__TASK DIRECTIONS__
Scan the entries below for the word "Dwgs" and copy every line in which it occurs.

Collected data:

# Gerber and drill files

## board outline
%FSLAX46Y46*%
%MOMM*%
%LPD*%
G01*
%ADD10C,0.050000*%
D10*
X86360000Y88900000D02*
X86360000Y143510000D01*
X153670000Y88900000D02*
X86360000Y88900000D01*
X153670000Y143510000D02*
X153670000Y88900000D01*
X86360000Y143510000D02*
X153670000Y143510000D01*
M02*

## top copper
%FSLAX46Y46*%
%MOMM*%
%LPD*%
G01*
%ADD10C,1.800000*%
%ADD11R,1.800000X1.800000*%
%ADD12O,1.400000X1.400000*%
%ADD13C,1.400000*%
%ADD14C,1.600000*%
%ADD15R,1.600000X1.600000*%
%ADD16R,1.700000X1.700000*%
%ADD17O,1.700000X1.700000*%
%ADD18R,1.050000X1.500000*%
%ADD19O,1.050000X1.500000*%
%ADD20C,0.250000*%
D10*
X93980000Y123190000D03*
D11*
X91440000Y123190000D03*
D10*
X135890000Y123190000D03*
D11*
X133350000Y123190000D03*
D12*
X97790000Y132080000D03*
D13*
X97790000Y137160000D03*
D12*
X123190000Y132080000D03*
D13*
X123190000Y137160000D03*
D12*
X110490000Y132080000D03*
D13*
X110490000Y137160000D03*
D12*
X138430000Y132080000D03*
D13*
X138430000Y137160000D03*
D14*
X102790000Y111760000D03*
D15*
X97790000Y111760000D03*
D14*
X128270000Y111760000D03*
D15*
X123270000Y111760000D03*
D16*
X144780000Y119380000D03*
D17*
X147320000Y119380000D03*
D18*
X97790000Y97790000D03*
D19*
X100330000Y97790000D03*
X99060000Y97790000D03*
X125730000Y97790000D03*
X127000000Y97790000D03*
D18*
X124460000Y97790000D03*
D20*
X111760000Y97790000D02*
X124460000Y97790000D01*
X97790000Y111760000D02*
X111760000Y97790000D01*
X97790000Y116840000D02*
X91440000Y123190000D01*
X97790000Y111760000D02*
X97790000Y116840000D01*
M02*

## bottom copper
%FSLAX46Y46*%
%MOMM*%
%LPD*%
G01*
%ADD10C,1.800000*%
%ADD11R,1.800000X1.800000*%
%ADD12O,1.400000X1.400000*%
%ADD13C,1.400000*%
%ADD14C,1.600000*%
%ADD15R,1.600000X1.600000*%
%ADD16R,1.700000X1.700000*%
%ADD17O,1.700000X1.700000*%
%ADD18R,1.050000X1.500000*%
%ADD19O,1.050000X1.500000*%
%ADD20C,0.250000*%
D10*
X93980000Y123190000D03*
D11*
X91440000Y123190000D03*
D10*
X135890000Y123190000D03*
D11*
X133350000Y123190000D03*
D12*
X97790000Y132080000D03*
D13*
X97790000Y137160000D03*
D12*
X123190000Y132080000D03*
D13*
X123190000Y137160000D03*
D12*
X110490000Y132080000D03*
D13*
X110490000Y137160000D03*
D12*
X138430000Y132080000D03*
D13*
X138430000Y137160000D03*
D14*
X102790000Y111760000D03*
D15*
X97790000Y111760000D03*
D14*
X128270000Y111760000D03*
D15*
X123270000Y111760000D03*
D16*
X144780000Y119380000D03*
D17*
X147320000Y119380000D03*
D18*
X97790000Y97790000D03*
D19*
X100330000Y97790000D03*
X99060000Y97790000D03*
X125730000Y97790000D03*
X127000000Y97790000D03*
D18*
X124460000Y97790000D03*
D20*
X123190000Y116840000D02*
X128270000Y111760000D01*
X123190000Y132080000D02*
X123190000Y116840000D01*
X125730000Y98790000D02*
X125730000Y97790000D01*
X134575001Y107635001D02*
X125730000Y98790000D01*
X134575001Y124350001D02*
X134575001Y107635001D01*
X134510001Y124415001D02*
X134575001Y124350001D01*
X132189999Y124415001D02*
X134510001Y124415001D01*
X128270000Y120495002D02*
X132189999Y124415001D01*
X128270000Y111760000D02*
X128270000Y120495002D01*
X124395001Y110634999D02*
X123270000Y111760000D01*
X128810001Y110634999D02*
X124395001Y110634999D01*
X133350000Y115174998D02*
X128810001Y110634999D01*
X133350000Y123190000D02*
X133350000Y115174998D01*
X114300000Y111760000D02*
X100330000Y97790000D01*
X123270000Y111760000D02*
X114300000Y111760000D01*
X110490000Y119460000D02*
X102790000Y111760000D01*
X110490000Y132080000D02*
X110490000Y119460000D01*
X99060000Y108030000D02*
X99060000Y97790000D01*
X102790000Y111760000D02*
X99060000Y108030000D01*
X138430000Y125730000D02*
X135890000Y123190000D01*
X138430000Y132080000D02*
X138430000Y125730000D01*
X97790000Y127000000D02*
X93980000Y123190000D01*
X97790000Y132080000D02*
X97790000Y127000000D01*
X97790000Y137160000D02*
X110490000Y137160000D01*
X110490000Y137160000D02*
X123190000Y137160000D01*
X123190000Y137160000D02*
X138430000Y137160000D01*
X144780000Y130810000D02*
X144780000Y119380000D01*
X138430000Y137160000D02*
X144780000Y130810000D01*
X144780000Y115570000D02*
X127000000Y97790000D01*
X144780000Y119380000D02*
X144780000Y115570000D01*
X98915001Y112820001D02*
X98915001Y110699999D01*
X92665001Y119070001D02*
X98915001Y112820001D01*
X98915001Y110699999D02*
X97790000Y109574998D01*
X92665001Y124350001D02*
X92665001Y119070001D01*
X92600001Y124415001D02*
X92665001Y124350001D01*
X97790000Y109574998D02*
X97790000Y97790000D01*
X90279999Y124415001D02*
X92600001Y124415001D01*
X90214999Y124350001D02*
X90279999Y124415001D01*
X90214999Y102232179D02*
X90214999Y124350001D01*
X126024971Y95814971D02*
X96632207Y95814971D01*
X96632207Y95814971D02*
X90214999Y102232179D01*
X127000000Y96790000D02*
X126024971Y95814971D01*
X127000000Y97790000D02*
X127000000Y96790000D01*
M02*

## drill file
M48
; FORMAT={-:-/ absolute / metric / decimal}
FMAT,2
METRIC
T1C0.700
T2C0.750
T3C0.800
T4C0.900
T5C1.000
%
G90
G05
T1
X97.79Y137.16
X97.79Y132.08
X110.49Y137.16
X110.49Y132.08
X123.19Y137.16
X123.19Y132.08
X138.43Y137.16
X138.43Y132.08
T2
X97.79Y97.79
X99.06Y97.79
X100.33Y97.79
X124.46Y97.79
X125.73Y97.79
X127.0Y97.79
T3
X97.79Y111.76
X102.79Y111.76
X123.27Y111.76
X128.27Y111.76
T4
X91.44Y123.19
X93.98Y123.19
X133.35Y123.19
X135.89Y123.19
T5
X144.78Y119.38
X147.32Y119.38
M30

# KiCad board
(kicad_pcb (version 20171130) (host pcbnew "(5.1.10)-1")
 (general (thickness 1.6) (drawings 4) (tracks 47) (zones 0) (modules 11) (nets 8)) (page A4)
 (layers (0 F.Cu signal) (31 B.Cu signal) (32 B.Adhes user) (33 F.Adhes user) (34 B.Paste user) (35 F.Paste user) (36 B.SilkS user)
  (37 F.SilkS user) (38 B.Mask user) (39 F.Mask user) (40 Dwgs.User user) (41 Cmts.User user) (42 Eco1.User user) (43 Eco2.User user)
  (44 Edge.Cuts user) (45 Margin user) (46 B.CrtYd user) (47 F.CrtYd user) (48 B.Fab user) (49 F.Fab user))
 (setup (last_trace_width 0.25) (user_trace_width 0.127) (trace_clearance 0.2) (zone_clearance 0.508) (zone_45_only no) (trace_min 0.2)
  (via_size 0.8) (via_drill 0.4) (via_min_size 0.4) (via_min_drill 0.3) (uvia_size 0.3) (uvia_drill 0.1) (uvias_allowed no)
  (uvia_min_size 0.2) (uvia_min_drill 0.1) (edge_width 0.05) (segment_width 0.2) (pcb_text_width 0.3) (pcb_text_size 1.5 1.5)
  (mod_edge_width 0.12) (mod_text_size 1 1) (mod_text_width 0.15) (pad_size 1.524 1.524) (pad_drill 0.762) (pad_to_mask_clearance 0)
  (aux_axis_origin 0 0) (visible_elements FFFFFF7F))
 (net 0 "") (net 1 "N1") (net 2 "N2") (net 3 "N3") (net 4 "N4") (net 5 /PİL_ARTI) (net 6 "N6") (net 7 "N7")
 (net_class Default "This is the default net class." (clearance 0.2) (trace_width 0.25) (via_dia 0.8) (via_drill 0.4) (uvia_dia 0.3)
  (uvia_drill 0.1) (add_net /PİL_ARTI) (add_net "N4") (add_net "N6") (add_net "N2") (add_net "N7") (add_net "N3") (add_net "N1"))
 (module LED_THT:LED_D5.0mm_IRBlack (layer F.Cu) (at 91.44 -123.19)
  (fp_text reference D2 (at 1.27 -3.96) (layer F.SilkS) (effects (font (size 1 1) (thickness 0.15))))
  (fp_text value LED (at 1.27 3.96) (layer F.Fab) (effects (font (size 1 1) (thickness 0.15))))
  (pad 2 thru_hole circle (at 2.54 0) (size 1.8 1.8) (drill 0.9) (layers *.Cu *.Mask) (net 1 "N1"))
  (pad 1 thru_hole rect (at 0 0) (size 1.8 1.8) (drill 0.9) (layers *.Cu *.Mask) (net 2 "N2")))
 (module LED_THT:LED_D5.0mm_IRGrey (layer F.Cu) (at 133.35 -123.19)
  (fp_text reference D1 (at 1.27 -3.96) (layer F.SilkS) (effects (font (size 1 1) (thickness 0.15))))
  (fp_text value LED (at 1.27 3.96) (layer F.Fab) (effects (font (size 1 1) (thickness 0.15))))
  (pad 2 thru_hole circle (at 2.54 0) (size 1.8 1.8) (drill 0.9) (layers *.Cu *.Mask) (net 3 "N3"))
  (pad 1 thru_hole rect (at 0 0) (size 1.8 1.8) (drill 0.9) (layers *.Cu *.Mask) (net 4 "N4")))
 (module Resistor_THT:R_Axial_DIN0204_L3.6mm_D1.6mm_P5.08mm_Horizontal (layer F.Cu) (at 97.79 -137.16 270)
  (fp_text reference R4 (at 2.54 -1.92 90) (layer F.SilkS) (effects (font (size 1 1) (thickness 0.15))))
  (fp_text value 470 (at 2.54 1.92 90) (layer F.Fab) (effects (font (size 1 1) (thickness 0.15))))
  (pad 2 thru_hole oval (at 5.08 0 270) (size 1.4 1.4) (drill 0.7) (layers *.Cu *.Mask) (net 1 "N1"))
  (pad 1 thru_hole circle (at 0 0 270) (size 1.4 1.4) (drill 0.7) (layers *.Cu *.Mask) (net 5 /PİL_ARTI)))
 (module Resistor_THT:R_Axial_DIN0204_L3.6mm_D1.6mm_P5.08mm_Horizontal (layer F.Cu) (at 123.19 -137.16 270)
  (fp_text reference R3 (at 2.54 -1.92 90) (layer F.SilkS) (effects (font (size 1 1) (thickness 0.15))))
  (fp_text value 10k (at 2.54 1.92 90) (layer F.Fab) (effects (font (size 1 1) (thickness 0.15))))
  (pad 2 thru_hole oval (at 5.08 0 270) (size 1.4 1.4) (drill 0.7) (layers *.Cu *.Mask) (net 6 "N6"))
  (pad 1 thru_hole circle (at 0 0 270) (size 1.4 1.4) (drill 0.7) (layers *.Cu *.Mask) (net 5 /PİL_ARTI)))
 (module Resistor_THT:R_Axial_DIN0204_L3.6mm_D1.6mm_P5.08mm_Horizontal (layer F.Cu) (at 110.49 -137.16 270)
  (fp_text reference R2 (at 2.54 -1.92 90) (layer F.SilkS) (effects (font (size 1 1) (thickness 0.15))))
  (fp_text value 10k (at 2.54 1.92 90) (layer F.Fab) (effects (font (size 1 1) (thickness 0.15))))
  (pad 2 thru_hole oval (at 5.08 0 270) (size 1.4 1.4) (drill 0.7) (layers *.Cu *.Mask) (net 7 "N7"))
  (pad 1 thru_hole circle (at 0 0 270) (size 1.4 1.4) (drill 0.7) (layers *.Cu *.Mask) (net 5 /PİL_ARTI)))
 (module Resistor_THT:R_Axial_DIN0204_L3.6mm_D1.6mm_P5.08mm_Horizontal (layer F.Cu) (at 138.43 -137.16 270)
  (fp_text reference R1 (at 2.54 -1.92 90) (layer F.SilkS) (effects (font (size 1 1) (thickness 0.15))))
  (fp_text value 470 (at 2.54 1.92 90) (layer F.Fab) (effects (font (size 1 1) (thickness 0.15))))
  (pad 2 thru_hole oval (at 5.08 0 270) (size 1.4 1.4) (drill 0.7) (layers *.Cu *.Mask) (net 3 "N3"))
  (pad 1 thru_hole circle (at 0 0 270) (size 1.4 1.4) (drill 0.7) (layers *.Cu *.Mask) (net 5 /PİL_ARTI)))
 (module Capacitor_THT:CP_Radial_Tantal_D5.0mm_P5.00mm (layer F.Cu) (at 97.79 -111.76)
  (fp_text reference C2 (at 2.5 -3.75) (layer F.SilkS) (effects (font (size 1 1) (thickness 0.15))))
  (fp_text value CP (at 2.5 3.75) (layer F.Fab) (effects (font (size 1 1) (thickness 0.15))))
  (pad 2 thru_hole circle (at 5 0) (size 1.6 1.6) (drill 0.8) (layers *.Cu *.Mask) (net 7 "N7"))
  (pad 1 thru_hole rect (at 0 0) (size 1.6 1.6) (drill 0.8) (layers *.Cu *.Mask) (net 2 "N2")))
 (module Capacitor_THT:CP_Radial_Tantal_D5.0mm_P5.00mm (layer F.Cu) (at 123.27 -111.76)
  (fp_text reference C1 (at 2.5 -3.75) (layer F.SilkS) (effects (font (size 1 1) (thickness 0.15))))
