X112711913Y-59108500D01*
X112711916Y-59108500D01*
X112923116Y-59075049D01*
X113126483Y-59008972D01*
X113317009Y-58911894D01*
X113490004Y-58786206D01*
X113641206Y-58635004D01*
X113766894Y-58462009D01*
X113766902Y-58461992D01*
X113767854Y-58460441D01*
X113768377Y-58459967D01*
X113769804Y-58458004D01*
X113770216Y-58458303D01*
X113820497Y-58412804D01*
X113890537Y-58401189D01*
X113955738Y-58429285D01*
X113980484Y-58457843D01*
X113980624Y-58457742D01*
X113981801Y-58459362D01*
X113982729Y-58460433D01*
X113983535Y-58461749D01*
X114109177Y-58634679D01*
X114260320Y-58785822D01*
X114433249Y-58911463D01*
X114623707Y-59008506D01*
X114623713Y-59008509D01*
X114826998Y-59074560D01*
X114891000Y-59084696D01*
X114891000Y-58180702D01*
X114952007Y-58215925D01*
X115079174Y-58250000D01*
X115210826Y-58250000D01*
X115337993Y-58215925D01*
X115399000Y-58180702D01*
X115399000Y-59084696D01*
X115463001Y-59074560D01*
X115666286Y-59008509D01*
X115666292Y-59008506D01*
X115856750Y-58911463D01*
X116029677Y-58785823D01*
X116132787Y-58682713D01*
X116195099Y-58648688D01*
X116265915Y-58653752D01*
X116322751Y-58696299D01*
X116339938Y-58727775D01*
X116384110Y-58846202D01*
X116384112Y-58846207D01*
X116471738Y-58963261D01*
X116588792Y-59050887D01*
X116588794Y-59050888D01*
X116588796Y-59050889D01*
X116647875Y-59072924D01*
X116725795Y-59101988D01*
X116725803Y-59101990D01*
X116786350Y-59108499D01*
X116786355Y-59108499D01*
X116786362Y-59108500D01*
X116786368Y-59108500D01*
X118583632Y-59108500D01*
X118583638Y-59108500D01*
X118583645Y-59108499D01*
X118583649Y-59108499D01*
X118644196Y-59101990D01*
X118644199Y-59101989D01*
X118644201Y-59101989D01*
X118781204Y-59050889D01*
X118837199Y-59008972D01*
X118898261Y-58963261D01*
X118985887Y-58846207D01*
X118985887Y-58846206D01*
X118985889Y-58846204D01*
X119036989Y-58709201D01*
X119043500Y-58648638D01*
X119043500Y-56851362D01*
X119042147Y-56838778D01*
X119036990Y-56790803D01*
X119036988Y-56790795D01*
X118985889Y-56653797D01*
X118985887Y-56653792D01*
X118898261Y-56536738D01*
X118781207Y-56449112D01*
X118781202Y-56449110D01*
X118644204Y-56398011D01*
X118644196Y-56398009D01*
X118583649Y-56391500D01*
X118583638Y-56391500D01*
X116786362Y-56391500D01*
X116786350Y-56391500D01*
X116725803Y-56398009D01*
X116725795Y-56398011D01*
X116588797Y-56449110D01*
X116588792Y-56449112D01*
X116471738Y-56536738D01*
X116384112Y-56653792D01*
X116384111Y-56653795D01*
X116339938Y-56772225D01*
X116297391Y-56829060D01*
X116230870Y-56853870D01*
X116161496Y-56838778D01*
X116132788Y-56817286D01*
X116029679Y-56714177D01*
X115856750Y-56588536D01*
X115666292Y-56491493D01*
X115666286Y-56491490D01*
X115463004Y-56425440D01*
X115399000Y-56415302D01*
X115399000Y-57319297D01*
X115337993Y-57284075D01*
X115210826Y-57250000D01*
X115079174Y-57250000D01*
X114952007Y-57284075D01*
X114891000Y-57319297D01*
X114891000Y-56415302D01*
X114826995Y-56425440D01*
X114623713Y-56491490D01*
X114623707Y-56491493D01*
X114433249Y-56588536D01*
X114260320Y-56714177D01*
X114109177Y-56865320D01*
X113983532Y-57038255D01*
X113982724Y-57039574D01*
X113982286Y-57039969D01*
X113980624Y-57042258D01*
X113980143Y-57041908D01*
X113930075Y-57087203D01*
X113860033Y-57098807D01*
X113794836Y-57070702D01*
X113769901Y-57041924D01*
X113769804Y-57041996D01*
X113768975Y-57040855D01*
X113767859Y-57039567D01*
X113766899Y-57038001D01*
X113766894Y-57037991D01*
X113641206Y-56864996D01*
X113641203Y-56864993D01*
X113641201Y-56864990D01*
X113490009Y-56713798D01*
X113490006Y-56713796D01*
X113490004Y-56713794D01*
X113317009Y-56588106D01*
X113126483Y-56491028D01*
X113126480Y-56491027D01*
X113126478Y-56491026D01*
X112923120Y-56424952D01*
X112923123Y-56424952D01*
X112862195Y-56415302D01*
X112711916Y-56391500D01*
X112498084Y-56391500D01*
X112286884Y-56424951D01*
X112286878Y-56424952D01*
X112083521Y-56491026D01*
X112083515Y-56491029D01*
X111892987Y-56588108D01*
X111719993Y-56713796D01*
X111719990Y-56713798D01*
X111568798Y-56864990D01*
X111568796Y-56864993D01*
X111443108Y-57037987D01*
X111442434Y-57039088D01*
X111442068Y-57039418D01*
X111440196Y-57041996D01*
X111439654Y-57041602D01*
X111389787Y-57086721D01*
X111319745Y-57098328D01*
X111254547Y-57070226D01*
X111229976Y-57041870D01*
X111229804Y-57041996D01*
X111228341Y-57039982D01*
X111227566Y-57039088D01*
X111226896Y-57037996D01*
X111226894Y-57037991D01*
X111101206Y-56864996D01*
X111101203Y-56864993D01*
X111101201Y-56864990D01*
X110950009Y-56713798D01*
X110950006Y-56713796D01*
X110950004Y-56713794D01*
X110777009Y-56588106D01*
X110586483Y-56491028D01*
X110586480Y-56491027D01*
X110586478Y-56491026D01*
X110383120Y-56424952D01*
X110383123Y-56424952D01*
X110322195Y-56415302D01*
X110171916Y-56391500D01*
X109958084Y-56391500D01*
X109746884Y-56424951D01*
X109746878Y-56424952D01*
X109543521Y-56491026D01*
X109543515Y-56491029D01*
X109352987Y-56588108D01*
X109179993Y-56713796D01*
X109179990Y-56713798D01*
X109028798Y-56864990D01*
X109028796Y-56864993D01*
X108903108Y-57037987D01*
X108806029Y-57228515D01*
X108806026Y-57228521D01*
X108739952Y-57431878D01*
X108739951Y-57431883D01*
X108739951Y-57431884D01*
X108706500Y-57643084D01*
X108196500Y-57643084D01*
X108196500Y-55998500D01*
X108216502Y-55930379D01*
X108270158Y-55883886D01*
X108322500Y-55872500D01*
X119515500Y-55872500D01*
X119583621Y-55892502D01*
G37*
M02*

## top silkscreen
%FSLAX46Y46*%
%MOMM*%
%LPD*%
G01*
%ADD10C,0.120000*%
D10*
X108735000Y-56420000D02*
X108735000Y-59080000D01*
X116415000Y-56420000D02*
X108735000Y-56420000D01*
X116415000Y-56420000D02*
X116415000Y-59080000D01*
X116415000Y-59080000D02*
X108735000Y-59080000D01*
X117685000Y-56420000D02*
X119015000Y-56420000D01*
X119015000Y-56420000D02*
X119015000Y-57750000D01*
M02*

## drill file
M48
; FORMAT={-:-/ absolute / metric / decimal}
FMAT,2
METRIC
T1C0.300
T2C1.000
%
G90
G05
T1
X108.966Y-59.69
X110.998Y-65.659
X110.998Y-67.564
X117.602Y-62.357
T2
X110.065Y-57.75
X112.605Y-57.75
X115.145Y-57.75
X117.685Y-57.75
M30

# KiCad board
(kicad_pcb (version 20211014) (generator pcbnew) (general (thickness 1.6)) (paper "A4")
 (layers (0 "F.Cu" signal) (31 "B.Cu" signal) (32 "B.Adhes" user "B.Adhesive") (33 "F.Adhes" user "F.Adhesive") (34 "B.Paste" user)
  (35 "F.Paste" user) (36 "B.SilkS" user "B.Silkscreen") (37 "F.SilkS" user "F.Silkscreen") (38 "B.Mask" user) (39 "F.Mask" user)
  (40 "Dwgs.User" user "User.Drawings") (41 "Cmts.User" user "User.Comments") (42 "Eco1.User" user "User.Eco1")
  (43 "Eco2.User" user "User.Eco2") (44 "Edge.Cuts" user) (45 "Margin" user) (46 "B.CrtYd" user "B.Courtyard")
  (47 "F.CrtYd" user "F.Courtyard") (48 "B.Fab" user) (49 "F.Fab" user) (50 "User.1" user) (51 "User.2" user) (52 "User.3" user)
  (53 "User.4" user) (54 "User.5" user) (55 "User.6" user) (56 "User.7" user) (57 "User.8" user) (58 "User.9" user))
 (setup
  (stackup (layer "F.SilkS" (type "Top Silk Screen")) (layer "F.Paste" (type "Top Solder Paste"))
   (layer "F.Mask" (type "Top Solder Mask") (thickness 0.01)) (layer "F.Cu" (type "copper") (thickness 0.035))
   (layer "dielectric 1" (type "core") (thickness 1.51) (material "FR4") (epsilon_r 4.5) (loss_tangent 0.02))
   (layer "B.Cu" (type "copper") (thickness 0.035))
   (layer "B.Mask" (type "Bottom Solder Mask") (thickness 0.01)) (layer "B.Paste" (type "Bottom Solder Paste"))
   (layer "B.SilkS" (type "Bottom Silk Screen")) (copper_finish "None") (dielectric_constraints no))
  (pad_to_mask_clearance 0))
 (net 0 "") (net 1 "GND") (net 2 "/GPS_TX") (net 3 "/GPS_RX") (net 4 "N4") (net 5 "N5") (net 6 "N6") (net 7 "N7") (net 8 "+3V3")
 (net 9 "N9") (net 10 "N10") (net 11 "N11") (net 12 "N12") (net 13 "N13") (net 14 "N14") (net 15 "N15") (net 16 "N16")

__EXERCISE RESPONSE__
  (37 F.SilkS user) (38 B.Mask user) (39 F.Mask user) (40 Dwgs.User user) (41 Cmts.User user) (42 Eco1.User user) (43 Eco2.User user)
  (40 "Dwgs.User" user "User.Drawings") (41 "Cmts.User" user "User.Comments") (42 "Eco1.User" user "User.Eco1")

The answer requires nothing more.